# WHAT TO PRODUCE:
When a line in the data below includes "footprint", count it; then give only the total.

# EXTRACTED DATA:

◇ ◇ ◇ ◇ ◇ ◇ ◇

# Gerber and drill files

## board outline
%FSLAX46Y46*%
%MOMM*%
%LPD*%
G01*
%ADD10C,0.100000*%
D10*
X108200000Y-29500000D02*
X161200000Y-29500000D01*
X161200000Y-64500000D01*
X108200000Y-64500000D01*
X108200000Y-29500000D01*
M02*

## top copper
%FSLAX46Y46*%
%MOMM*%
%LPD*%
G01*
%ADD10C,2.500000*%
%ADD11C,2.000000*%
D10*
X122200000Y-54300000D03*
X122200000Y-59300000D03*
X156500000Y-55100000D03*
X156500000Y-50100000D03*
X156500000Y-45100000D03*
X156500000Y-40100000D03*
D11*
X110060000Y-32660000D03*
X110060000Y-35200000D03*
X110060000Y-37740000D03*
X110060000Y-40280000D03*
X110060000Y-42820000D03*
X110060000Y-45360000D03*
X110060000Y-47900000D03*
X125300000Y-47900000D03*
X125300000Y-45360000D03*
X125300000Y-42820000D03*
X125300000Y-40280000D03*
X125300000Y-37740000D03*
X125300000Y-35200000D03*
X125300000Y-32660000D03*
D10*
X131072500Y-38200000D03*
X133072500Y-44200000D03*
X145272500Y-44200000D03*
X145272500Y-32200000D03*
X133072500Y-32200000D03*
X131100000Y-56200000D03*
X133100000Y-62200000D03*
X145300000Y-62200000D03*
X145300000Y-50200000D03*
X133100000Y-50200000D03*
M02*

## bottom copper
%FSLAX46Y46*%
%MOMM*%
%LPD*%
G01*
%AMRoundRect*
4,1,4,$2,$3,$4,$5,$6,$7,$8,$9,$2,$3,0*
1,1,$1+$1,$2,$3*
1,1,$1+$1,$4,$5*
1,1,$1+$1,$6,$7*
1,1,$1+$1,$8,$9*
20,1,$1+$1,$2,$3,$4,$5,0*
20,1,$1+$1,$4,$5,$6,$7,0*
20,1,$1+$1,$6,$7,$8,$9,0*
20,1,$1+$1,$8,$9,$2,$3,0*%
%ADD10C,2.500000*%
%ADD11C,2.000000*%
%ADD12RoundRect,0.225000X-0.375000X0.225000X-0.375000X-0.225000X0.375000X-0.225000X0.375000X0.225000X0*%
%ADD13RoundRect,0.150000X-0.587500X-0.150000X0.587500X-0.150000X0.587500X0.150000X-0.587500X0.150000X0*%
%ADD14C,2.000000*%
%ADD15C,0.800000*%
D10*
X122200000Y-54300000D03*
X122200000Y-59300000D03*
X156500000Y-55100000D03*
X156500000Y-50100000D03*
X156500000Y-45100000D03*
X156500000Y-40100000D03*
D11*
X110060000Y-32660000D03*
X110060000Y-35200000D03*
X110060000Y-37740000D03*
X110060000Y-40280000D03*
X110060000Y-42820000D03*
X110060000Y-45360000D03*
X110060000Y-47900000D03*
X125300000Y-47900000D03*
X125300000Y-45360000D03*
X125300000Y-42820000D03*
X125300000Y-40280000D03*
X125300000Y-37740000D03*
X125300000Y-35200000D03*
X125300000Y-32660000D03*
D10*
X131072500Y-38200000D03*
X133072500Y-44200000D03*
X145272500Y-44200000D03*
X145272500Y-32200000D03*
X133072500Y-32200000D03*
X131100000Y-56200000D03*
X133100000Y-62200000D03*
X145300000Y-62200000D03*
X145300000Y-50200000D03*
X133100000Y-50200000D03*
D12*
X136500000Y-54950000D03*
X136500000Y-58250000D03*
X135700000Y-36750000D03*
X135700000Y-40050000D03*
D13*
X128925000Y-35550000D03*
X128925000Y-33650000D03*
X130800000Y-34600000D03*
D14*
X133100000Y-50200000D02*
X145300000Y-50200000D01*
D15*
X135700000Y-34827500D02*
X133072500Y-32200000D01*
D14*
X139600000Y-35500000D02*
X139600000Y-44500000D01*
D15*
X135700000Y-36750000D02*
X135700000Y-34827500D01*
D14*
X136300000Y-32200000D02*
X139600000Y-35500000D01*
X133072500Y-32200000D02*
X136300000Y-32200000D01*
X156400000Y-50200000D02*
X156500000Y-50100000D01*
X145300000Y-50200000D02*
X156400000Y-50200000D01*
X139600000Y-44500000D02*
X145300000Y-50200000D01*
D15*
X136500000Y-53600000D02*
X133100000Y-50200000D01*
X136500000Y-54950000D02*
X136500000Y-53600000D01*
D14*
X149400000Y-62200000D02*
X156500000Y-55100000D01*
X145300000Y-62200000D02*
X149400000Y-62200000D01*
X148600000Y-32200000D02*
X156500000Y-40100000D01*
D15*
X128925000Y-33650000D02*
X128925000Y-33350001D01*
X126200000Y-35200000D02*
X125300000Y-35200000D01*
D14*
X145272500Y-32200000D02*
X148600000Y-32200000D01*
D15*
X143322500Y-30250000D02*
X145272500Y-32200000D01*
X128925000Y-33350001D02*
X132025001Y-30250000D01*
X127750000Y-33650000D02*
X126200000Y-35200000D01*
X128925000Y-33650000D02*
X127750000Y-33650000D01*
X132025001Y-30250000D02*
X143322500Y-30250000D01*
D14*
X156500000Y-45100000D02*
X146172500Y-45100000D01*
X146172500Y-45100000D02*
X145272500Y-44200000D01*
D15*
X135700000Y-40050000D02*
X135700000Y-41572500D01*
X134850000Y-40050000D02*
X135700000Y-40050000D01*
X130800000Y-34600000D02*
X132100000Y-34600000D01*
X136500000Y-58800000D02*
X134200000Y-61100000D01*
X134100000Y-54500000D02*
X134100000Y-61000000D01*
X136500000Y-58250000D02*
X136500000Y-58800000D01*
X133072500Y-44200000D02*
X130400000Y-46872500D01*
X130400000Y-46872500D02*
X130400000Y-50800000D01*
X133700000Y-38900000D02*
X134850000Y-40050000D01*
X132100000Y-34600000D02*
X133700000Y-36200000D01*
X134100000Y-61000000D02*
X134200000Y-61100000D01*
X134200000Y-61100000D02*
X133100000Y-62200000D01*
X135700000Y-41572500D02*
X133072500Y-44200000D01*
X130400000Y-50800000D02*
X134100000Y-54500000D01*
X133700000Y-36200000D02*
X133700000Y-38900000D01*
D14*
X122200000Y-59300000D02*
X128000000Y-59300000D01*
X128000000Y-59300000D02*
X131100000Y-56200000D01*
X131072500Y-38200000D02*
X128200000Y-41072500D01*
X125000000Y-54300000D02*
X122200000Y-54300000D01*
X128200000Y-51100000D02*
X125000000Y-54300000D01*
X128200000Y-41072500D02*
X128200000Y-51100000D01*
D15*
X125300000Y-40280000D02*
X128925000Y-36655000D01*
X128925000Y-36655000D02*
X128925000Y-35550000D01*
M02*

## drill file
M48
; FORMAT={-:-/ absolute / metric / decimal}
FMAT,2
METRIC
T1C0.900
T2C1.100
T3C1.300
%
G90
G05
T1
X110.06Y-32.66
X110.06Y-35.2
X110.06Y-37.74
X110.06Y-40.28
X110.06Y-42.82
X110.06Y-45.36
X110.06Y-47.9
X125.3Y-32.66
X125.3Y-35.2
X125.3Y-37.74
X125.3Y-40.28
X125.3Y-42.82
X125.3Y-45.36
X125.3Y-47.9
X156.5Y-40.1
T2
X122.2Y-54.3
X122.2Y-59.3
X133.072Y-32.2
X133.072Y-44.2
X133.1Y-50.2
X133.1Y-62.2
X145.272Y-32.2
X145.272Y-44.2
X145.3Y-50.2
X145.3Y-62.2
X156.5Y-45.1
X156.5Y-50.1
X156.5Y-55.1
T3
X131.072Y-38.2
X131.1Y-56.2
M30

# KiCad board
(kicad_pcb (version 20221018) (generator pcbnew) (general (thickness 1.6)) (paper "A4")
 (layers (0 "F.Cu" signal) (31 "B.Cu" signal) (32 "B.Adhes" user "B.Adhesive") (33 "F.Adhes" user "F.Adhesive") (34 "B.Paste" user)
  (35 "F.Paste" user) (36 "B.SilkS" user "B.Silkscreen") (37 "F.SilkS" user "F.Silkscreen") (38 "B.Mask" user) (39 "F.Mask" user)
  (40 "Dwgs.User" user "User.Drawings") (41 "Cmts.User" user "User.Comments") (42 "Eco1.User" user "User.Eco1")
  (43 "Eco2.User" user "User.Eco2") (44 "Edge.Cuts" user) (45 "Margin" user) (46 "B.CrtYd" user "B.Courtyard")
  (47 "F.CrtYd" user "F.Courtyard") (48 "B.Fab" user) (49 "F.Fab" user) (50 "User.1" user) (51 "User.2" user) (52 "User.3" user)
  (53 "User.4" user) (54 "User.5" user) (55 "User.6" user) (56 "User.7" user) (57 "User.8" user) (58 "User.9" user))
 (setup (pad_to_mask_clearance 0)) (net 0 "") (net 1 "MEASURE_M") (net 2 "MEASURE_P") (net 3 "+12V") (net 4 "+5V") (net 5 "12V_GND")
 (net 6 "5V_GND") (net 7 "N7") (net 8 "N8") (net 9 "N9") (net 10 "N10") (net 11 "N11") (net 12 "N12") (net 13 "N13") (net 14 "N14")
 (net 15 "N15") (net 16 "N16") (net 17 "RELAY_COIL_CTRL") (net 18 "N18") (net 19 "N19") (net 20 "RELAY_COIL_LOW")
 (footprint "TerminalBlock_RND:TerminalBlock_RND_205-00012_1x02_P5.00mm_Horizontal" (layer "F.Cu") (at 122.2 54.3 -90)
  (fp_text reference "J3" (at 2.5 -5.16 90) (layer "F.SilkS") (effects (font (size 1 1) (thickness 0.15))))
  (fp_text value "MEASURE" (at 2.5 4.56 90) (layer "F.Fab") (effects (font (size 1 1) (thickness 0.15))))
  (pad "1" thru_hole circle (at 0 0 270) (size 2.5 2.5) (drill 1.1) (layers "*.Cu" "*.Mask") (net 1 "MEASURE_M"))
  (pad "2" thru_hole circle (at 5 0 270) (size 2.5 2.5) (drill 1.1) (layers "*.Cu" "*.Mask") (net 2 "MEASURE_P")))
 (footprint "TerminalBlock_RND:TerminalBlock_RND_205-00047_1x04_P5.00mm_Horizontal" (layer "F.Cu") (at 156.5 55.1 90)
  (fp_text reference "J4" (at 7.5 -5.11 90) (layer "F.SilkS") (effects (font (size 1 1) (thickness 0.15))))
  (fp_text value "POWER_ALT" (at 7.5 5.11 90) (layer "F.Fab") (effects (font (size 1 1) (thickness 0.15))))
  (pad "1" thru_hole circle (at 0 0 90) (size 2.5 2.5) (drill 1.1) (layers "*.Cu" "*.Mask") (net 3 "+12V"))
  (pad "2" thru_hole circle (at 5 0 90) (size 2.5 2.5) (drill 1.1) (layers "*.Cu" "*.Mask") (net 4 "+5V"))
  (pad "3" thru_hole circle (at 10 0 90) (size 2.5 2.5) (drill 1.1) (layers "*.Cu" "*.Mask") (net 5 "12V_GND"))
  (pad "4" thru_hole circle (at 15 0 90) (size 2.5 2.5) (drill 0.9) (layers "*.Cu" "*.Mask") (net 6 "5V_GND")))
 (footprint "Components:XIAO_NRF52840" (layer "F.Cu") (at 117.68 32.66)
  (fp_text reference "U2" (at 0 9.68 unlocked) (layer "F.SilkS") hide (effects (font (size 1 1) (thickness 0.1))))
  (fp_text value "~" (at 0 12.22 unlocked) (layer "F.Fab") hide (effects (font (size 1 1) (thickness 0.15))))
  (pad "1" thru_hole circle (at -7.62 0) (size 2 2) (drill 0.9) (layers "*.Cu" "*.Mask") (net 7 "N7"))
  (pad "2" thru_hole circle (at -7.62 2.54) (size 2 2) (drill 0.9) (layers "*.Cu" "*.Mask") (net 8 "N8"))
  (pad "3" thru_hole circle (at -7.62 5.08) (size 2 2) (drill 0.9) (layers "*.Cu" "*.Mask") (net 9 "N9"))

◇ ◇ ◇ ◇ ◇ ◇ ◇

# SOLVED EXERCISE:
3